**INSTRUCTIONS FOR THE TASK**
Every line from the one containing "X40.16Y-52.7" to the one containing "(at 54.129999 52.7)" in the records below, both included, must be set down exactly, and no other line.

----- INFORMATION PROVIDED

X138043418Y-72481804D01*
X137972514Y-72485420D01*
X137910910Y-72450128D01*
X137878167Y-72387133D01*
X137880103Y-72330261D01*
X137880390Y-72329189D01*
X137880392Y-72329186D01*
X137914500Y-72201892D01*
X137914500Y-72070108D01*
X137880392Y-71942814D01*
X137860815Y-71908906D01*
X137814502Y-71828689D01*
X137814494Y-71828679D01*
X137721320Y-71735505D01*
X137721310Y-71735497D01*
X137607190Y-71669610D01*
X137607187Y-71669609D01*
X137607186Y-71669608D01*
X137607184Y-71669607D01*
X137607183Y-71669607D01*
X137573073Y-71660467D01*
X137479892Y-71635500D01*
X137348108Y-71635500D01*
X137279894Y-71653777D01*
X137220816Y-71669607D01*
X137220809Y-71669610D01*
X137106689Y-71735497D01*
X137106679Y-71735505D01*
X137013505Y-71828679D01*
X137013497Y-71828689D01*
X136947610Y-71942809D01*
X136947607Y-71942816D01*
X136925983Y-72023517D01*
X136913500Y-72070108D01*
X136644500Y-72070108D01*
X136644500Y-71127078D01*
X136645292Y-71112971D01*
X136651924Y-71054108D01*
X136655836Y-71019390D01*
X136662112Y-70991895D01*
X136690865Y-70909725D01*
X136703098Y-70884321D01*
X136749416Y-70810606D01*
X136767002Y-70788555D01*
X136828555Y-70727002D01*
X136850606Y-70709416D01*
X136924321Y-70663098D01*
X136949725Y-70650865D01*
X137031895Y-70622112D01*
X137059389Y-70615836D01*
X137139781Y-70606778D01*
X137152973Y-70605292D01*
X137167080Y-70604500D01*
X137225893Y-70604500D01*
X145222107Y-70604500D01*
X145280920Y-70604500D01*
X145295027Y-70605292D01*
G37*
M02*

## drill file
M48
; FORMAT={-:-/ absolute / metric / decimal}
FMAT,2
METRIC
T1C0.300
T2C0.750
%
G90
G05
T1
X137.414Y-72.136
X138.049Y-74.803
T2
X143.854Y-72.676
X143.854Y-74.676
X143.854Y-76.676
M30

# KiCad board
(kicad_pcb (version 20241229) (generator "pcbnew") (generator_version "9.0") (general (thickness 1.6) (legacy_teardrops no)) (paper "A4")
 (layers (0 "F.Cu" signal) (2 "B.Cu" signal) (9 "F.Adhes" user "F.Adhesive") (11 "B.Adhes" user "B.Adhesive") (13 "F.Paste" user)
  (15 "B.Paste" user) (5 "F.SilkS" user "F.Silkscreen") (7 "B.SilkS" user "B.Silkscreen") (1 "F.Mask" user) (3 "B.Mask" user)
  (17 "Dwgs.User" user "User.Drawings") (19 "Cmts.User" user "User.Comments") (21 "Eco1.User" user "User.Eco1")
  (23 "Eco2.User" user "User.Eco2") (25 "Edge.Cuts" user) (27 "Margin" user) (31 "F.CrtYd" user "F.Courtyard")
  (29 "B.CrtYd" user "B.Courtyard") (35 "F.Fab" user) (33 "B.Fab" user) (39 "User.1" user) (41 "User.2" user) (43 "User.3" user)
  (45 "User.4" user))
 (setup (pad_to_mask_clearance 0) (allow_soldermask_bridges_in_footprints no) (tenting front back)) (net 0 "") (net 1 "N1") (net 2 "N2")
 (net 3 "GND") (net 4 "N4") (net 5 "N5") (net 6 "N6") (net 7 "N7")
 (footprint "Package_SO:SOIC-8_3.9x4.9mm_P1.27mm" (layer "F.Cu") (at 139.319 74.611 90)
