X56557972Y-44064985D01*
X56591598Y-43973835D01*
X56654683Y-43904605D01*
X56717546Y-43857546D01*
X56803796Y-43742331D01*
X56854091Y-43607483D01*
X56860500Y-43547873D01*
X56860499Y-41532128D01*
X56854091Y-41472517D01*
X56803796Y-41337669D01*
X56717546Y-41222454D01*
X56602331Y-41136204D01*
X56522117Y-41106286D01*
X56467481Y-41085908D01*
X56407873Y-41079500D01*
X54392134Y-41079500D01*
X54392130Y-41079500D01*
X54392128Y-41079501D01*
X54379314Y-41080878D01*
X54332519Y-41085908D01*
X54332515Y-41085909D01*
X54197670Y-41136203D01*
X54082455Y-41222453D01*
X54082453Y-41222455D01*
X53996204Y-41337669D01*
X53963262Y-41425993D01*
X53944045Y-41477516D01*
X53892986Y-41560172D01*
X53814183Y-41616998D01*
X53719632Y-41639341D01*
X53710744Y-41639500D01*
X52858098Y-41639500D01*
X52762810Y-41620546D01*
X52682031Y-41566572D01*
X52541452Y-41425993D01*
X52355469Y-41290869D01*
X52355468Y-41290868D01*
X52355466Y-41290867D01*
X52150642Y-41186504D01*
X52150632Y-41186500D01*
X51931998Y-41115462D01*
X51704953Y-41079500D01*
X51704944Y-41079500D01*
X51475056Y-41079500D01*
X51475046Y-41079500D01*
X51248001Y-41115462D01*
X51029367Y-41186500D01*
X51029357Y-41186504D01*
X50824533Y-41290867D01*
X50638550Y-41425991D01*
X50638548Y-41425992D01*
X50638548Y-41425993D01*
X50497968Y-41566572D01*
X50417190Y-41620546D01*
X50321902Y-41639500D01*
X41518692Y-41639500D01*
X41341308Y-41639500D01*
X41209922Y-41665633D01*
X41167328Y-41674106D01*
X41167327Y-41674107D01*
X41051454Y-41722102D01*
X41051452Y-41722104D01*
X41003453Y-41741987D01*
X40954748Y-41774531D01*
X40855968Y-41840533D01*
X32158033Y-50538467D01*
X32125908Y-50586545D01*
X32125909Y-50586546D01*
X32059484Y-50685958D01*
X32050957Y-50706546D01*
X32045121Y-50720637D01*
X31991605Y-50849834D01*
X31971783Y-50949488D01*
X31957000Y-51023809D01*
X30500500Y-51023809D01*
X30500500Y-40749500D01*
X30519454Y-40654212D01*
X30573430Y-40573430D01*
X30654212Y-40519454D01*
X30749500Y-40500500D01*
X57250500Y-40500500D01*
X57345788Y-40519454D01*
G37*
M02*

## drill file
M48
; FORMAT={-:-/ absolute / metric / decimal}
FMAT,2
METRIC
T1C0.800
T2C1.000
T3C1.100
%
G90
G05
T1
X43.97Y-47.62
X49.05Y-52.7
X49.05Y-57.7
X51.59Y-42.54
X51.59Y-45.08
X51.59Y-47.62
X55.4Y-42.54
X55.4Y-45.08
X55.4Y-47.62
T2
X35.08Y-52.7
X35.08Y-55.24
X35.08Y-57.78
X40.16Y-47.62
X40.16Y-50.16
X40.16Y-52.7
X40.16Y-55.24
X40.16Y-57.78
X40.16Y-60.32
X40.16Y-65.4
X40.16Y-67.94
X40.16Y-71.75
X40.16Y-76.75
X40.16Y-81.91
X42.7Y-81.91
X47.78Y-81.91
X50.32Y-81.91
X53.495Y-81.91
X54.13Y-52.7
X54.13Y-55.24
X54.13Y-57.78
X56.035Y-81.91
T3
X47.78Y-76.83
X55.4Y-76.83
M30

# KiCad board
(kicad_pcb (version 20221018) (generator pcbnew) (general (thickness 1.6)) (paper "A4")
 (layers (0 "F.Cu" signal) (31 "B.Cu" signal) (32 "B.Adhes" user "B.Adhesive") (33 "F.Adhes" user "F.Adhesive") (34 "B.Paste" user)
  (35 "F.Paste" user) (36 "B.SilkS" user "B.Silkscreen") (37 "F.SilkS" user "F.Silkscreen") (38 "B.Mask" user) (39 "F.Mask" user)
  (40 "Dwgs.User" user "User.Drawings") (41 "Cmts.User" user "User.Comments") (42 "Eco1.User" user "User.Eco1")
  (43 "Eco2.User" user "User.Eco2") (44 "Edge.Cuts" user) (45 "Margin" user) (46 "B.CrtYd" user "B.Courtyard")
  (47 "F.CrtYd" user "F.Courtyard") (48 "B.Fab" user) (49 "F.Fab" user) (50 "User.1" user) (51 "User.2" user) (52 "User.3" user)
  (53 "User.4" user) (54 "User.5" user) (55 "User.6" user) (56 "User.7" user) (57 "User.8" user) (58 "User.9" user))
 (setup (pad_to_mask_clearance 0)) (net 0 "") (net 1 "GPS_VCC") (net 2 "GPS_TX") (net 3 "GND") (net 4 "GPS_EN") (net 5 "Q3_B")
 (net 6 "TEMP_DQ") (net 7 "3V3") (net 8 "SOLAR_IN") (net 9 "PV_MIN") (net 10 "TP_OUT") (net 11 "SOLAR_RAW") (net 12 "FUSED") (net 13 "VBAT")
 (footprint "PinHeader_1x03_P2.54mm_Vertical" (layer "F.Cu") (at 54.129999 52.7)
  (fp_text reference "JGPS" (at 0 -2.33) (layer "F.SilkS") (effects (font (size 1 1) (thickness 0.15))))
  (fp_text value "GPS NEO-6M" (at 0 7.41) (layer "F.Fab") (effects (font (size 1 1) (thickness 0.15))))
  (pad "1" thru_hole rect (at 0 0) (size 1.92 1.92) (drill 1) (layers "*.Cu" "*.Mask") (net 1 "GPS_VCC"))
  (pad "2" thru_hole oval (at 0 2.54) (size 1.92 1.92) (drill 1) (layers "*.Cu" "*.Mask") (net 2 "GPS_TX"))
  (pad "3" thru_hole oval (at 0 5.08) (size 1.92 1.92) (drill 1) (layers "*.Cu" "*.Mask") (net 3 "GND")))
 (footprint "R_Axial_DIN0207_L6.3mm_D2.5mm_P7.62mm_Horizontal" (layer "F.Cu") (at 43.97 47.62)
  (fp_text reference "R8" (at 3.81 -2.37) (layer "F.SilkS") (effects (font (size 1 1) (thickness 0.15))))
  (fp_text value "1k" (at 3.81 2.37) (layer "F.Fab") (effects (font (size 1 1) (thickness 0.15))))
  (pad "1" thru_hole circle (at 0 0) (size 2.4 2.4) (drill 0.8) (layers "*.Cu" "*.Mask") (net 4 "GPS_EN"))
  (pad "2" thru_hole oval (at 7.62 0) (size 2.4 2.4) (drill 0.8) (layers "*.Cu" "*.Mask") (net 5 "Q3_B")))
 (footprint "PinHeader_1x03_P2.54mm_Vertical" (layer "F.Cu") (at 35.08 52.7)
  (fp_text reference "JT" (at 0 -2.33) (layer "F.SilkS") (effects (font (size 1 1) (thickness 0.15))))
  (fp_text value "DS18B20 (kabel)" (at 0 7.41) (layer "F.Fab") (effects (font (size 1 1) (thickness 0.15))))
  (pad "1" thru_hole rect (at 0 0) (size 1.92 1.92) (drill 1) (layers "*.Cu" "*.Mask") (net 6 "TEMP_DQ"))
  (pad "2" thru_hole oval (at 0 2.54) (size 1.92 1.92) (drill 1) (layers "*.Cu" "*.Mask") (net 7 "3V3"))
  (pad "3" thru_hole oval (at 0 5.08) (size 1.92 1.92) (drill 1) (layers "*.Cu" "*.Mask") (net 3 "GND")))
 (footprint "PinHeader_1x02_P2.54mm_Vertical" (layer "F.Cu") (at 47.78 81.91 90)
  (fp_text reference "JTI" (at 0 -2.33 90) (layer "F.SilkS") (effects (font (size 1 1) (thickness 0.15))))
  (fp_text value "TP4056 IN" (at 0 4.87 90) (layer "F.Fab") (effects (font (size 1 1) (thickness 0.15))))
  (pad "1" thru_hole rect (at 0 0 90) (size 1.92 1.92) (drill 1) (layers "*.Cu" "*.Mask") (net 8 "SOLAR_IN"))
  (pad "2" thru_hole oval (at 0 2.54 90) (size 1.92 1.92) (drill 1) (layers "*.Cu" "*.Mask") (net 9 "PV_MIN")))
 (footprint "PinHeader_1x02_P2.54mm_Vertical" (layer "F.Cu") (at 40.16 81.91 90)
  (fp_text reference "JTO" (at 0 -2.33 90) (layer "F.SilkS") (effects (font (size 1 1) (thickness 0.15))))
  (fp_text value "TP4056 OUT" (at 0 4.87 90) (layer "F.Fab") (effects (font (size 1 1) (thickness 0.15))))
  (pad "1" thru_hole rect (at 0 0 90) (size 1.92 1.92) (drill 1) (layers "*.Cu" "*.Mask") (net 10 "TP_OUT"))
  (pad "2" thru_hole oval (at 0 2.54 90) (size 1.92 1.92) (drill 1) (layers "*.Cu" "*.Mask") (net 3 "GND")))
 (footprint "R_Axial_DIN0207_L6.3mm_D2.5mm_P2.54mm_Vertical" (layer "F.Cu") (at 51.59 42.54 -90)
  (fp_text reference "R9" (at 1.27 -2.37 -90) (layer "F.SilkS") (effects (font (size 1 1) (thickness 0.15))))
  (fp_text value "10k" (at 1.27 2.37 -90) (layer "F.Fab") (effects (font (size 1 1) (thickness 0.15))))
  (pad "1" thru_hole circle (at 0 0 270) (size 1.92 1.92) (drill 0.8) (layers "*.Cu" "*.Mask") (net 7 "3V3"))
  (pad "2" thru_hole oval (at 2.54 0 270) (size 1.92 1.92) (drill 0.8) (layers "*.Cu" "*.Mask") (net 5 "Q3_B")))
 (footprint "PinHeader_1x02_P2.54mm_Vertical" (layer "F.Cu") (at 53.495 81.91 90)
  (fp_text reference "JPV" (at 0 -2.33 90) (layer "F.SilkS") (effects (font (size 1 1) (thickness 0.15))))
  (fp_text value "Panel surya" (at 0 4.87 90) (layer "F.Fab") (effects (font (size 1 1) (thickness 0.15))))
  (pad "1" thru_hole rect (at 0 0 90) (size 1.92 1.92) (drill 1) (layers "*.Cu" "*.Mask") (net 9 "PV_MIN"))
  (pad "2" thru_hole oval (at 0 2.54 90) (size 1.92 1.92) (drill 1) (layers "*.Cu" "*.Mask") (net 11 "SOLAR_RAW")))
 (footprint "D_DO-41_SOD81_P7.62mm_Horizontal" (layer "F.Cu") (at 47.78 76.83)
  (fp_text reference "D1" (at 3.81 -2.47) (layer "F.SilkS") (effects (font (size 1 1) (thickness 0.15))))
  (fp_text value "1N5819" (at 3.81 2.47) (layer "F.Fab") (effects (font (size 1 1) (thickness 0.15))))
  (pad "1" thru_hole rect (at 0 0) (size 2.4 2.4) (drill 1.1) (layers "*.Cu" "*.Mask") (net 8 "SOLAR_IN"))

----------

**EXPECTED ANSWER**
X40.16Y-52.7
X40.16Y-55.24
X40.16Y-57.78
X40.16Y-60.32
X40.16Y-65.4
X40.16Y-67.94
X40.16Y-71.75
X40.16Y-76.75
X40.16Y-81.91
X42.7Y-81.91
X47.78Y-81.91
X50.32Y-81.91
X53.495Y-81.91
X54.13Y-52.7
X54.13Y-55.24
X54.13Y-57.78
X56.035Y-81.91
T3
X47.78Y-76.83
X55.4Y-76.83
M30

# KiCad board
(kicad_pcb (version 20221018) (generator pcbnew) (general (thickness 1.6)) (paper "A4")
 (layers (0 "F.Cu" signal) (31 "B.Cu" signal) (32 "B.Adhes" user "B.Adhesive") (33 "F.Adhes" user "F.Adhesive") (34 "B.Paste" user)
  (35 "F.Paste" user) (36 "B.SilkS" user "B.Silkscreen") (37 "F.SilkS" user "F.Silkscreen") (38 "B.Mask" user) (39 "F.Mask" user)
  (40 "Dwgs.User" user "User.Drawings") (41 "Cmts.User" user "User.Comments") (42 "Eco1.User" user "User.Eco1")
  (43 "Eco2.User" user "User.Eco2") (44 "Edge.Cuts" user) (45 "Margin" user) (46 "B.CrtYd" user "B.Courtyard")
  (47 "F.CrtYd" user "F.Courtyard") (48 "B.Fab" user) (49 "F.Fab" user) (50 "User.1" user) (51 "User.2" user) (52 "User.3" user)
  (53 "User.4" user) (54 "User.5" user) (55 "User.6" user) (56 "User.7" user) (57 "User.8" user) (58 "User.9" user))
 (setup (pad_to_mask_clearance 0)) (net 0 "") (net 1 "GPS_VCC") (net 2 "GPS_TX") (net 3 "GND") (net 4 "GPS_EN") (net 5 "Q3_B")
 (net 6 "TEMP_DQ") (net 7 "3V3") (net 8 "SOLAR_IN") (net 9 "PV_MIN") (net 10 "TP_OUT") (net 11 "SOLAR_RAW") (net 12 "FUSED") (net 13 "VBAT")
 (footprint "PinHeader_1x03_P2.54mm_Vertical" (layer "F.Cu") (at 54.129999 52.7)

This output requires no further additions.